Kit se quedó helada. Lentamente, movió de un lado a otro la cabeza.

– No, no es verdad. Estás mintiéndome. Incluso él, no entregaría así a su propia hija. ¡Maldita seas! ¡Maldita seas por mentirme!

Sophronia no se acobardó.

– Soy su hija, igual que tú. Se acostó con mi madre cuando no era más que una muchacha. Estuvo con ella hasta que se enteró que estaba embarazada. Entonces la tiró a los barracones de los esclavos, como si fuera basura. Al principio cuándo sus amigos venían tras de mí, yo pensaba que tal vez había olvidado que era su hija. Pero no lo había olvidado. Simplemente no le importaba. La sangre no tenía ningún significado para él, porque yo no era humana. Era sólo una esclava más de su propiedad.

El rostro de Kit estaba ceniciento. No podía moverse. No podía hablar.

Ahora que ya había contado su secreto, Sophronia finalmente se calmó.
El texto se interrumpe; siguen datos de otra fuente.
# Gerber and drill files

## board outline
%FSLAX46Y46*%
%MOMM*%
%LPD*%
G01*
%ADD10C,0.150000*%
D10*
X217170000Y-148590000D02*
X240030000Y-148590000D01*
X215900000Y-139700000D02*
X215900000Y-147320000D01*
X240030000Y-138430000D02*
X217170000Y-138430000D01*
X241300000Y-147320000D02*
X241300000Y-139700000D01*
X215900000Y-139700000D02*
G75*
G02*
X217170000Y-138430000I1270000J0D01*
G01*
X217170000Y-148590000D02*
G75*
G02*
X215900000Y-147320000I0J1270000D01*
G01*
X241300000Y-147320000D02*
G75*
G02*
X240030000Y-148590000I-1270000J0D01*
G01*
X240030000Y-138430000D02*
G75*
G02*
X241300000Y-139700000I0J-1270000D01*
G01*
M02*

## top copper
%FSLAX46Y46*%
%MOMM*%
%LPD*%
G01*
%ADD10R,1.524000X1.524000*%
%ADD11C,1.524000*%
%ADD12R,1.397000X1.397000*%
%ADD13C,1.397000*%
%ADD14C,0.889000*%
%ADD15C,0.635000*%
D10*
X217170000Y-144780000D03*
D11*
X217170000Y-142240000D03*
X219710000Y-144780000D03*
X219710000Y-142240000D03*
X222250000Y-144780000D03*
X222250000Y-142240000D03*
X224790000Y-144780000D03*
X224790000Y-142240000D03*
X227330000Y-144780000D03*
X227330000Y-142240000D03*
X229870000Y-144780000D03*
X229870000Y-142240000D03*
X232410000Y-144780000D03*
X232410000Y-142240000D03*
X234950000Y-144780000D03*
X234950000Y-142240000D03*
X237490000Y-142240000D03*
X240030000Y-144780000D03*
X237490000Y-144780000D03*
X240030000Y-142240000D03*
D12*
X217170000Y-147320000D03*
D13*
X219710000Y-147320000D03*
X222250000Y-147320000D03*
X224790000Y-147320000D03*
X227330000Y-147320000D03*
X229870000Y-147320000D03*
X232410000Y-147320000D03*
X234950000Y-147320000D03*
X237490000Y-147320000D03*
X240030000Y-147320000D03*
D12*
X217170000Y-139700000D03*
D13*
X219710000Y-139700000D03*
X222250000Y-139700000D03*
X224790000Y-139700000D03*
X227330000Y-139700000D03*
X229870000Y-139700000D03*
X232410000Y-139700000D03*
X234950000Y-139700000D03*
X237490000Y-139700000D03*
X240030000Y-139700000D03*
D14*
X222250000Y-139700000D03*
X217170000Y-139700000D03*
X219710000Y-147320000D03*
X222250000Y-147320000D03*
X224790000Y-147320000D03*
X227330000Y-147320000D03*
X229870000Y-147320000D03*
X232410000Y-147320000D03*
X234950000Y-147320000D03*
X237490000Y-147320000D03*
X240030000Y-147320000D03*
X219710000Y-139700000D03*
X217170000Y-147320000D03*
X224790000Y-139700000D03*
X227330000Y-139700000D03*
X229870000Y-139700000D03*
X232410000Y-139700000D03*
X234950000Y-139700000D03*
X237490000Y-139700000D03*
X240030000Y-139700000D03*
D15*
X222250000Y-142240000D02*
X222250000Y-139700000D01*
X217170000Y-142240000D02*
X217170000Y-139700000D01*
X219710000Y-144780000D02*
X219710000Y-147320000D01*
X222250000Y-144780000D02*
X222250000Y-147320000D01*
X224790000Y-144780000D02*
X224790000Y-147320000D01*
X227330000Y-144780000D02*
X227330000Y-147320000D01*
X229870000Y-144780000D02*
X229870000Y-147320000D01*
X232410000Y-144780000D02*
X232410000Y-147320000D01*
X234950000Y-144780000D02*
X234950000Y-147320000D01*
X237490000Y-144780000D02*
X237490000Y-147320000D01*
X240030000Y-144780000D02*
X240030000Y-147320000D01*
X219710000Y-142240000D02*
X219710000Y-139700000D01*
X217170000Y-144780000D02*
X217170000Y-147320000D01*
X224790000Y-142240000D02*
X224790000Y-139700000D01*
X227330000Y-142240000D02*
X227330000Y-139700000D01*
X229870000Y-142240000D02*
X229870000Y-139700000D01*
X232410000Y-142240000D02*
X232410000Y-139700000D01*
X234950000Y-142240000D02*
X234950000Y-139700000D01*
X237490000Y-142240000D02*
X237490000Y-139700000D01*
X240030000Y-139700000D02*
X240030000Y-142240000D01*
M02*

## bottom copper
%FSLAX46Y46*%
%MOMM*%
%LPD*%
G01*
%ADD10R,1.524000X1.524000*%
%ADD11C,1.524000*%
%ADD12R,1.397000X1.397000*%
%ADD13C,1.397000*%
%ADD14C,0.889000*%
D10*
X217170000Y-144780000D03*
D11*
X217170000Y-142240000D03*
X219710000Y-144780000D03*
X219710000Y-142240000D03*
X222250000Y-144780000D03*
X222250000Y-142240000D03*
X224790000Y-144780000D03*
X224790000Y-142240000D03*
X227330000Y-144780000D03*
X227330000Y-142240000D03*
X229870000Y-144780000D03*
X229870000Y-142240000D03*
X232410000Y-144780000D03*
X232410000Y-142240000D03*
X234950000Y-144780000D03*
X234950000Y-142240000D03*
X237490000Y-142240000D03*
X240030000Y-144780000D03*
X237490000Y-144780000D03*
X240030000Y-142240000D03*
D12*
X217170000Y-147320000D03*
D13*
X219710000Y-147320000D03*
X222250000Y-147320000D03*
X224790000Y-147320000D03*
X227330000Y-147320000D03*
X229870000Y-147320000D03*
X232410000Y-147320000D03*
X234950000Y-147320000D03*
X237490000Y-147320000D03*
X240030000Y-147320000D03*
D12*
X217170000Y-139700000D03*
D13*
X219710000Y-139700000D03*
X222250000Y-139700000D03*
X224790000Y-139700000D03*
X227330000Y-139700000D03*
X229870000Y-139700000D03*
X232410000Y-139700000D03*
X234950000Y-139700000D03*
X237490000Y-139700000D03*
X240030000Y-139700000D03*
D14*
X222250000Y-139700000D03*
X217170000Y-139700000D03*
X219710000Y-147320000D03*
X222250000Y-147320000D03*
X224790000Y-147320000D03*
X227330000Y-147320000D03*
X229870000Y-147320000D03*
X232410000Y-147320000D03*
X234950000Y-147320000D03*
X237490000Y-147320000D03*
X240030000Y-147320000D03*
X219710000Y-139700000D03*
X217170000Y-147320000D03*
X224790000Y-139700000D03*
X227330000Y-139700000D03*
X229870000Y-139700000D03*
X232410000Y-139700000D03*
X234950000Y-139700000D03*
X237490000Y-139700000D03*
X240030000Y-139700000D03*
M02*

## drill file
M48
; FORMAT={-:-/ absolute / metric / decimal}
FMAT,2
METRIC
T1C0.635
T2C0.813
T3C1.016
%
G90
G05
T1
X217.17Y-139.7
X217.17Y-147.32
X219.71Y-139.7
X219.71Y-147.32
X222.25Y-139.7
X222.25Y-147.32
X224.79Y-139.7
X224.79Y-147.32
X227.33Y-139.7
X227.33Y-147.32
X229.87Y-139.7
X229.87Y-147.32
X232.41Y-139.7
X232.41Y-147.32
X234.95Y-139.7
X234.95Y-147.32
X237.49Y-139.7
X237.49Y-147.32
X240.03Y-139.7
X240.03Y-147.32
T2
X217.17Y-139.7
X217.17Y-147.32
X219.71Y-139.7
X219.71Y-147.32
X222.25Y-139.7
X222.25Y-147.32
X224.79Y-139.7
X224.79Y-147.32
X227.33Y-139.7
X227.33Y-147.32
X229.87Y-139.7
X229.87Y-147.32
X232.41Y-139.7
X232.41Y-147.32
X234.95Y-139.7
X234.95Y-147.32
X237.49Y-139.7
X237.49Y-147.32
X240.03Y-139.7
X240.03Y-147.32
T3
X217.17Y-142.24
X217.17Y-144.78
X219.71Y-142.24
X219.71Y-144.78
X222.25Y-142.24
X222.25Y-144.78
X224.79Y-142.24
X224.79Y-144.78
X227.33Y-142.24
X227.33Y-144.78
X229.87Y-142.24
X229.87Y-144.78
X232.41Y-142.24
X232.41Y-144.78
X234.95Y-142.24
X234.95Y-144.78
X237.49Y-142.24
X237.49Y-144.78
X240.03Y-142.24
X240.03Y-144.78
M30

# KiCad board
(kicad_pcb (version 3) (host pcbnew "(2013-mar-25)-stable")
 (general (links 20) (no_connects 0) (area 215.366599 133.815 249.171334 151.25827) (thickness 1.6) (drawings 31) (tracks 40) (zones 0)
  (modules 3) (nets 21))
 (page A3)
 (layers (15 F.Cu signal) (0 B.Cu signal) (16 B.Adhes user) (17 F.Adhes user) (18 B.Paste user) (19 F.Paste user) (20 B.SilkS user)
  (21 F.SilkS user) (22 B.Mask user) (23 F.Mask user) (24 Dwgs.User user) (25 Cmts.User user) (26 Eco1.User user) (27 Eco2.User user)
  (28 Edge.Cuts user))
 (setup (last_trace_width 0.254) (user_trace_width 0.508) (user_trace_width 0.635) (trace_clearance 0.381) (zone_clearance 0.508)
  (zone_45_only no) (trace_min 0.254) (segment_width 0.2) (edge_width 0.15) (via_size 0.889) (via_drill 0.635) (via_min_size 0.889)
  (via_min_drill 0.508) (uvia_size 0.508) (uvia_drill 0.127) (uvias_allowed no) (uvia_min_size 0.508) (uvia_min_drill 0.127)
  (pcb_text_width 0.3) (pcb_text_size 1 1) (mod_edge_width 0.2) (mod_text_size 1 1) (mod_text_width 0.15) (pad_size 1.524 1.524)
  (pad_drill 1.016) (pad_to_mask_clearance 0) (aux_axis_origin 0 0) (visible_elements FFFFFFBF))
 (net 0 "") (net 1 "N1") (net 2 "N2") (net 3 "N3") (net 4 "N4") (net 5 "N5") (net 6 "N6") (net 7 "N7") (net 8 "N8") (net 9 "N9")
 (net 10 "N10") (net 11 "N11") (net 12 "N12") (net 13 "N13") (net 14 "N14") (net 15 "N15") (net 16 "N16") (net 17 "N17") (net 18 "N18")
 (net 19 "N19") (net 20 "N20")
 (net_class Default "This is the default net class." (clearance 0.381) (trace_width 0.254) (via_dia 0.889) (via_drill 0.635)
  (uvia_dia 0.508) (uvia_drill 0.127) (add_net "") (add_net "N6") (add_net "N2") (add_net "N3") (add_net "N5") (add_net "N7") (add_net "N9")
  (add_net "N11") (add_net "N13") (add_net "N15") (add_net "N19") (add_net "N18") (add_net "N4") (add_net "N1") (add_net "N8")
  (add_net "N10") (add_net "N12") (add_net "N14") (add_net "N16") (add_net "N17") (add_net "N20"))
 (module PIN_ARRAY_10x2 (layer F.Cu) (at 228.6 143.51)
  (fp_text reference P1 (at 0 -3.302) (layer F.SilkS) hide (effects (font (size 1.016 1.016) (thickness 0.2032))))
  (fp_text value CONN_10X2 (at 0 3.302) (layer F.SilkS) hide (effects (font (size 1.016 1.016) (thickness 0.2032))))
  (pad 1 thru_hole rect (at -11.43 1.27) (size 1.524 1.524) (drill 1.016) (layers *.Cu *.Mask F.SilkS) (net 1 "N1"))
  (pad 2 thru_hole circle (at -11.43 -1.27) (size 1.524 1.524) (drill 1.016) (layers *.Cu *.Mask F.SilkS) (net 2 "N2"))
  (pad 3 thru_hole circle (at -8.89 1.27) (size 1.524 1.524) (drill 1.016) (layers *.Cu *.Mask F.SilkS) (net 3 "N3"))
  (pad 4 thru_hole circle (at -8.89 -1.27) (size 1.524 1.524) (drill 1.016) (layers *.Cu *.Mask F.SilkS) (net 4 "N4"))
  (pad 5 thru_hole circle (at -6.35 1.27) (size 1.524 1.524) (drill 1.016) (layers *.Cu *.Mask F.SilkS) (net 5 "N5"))
  (pad 6 thru_hole circle (at -6.35 -1.27) (size 1.524 1.524) (drill 1.016) (layers *.Cu *.Mask F.SilkS) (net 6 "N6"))
  (pad 7 thru_hole circle (at -3.81 1.27) (size 1.524 1.524) (drill 1.016) (layers *.Cu *.Mask F.SilkS) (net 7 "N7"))
  (pad 8 thru_hole circle (at -3.81 -1.27) (size 1.524 1.524) (drill 1.016) (layers *.Cu *.Mask F.SilkS) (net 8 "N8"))
  (pad 9 thru_hole circle (at -1.27 1.27) (size 1.524 1.524) (drill 1.016) (layers *.Cu *.Mask F.SilkS) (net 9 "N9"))
  (pad 10 thru_hole circle (at -1.27 -1.27) (size 1.524 1.524) (drill 1.016) (layers *.Cu *.Mask F.SilkS) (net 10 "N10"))
  (pad 11 thru_hole circle (at 1.27 1.27) (size 1.524 1.524) (drill 1.016) (layers *.Cu *.Mask F.SilkS) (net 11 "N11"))
  (pad 12 thru_hole circle (at 1.27 -1.27) (size 1.524 1.524) (drill 1.016) (layers *.Cu *.Mask F.SilkS) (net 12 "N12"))
  (pad 13 thru_hole circle (at 3.81 1.27) (size 1.524 1.524) (drill 1.016) (layers *.Cu *.Mask F.SilkS) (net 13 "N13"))
  (pad 14 thru_hole circle (at 3.81 -1.27) (size 1.524 1.524) (drill 1.016) (layers *.Cu *.Mask F.SilkS) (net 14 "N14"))
  (pad 15 thru_hole circle (at 6.35 1.27) (size 1.524 1.524) (drill 1.016) (layers *.Cu *.Mask F.SilkS) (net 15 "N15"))
  (pad 16 thru_hole circle (at 6.35 -1.27) (size 1.524 1.524) (drill 1.016) (layers *.Cu *.Mask F.SilkS) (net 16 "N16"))
  (pad 18 thru_hole circle (at 8.89 -1.27) (size 1.524 1.524) (drill 1.016) (layers *.Cu F.SilkS B.Mask) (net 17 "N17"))
  (pad 19 thru_hole circle (at 11.43 1.27) (size 1.524 1.524) (drill 1.016) (layers *.Cu F.SilkS B.Mask) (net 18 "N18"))
  (pad 17 thru_hole circle (at 8.89 1.27) (size 1.524 1.524) (drill 1.016) (layers *.Cu F.SilkS B.Mask) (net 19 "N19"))
  (pad 20 thru_hole circle (at 11.43 -1.27) (size 1.524 1.524) (drill 1.016) (layers *.Cu F.SilkS B.Mask) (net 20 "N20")))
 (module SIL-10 (layer B.Cu) (at 228.6 147.32)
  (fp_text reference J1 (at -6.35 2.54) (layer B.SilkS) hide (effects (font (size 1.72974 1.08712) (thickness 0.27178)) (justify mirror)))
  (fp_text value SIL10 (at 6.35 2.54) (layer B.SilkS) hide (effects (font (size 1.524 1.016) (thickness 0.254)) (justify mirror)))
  (pad 1 thru_hole rect (at -11.43 0) (size 1.397 1.397) (drill 0.8128) (layers *.Cu *.Mask B.SilkS) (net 1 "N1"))
  (pad 2 thru_hole circle (at -8.89 0) (size 1.397 1.397) (drill 0.8128) (layers *.Cu *.Mask B.SilkS) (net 3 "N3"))
  (pad 3 thru_hole circle (at -6.35 0) (size 1.397 1.397) (drill 0.8128) (layers *.Cu *.Mask B.SilkS) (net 5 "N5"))
  (pad 4 thru_hole circle (at -3.81 0) (size 1.397 1.397) (drill 0.8128) (layers *.Cu *.Mask B.SilkS) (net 7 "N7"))
  (pad 5 thru_hole circle (at -1.27 0) (size 1.397 1.397) (drill 0.8128) (layers *.Cu *.Mask B.SilkS) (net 9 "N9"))
  (pad 6 thru_hole circle (at 1.27 0) (size 1.397 1.397) (drill 0.8128) (layers *.Cu *.Mask B.SilkS) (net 11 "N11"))
  (pad 7 thru_hole circle (at 3.81 0) (size 1.397 1.397) (drill 0.8128) (layers *.Cu *.Mask B.SilkS) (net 13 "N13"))
  (pad 8 thru_hole circle (at 6.35 0) (size 1.397 1.397) (drill 0.8128) (layers *.Cu *.Mask B.SilkS) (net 15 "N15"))
  (pad 9 thru_hole circle (at 8.89 0) (size 1.397 1.397) (drill 0.8128) (layers *.Cu *.Mask B.SilkS) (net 19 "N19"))
  (pad 10 thru_hole circle (at 11.43 0) (size 1.397 1.397) (drill 0.8128) (layers *.Cu *.Mask B.SilkS) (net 18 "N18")))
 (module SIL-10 (layer B.Cu) (at 228.6 139.7)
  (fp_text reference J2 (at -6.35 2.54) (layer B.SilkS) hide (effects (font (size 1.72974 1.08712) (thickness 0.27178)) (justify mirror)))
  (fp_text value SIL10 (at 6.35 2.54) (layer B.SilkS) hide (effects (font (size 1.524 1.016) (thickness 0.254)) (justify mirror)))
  (pad 1 thru_hole rect (at -11.43 0) (size 1.397 1.397) (drill 0.8128) (layers *.Cu *.Mask B.SilkS) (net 2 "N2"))
  (pad 2 thru_hole circle (at -8.89 0) (size 1.397 1.397) (drill 0.8128) (layers *.Cu *.Mask B.SilkS) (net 4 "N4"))
  (pad 3 thru_hole circle (at -6.35 0) (size 1.397 1.397) (drill 0.8128) (layers *.Cu *.Mask B.SilkS) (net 6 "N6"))
  (pad 4 thru_hole circle (at -3.81 0) (size 1.397 1.397) (drill 0.8128) (layers *.Cu *.Mask B.SilkS) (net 8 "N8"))
  (pad 5 thru_hole circle (at -1.27 0) (size 1.397 1.397) (drill 0.8128) (layers *.Cu *.Mask B.SilkS) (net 10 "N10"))
  (pad 6 thru_hole circle (at 1.27 0) (size 1.397 1.397) (drill 0.8128) (layers *.Cu *.Mask B.SilkS) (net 12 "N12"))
– Me alegro que mi madre muriera antes que eso comenzara. Era una mujer fuerte pero ver lo que estaba ocurriéndome la habría destrozado. – Sophronia extendió la mano y tocó la mejilla inmóvil de Kit. -Somos hermanas, Kit -dijo suavemente. – ¿Nunca te diste cuenta? ¿Nunca sentiste ese lazo que nos une tan fuerte que no podíamos estar nunca separadas? Desde el principio, siempre fue así. Tu madre murió cuando naciste y se suponía que mi madre tenía que criarte, pero a ella no le gustaba tocarte, por lo que le había pasado. Así que yo me ocupé de tí. Una niña criando a otra niña. Recuerdo dormirte en mi regazo cuando yo apenas tenía cuatro o cinco años. Te ponía a mi lado en la cocina cuando trabajaba y jugaba contigo a las muñecas por la noche. Y entonces mi madre murió y te convertiste en lo único que tenía en la vida. Por eso nunca salí de Risen Glory, ni siquiera cuando te fuiste a Nueva York. Tenía que asegurarme que estabas bien. Pero cuando volviste, te habías trasformado en una persona diferente, eras parte de un mundo al que yo no nunca perteneceré. Estaba celosa, y también asustada. Tienes que perdonarme por lo que voy a hacer, Kit, pero tú tienes un lugar en el mundo, y ya es hora que yo trate de buscar el mío.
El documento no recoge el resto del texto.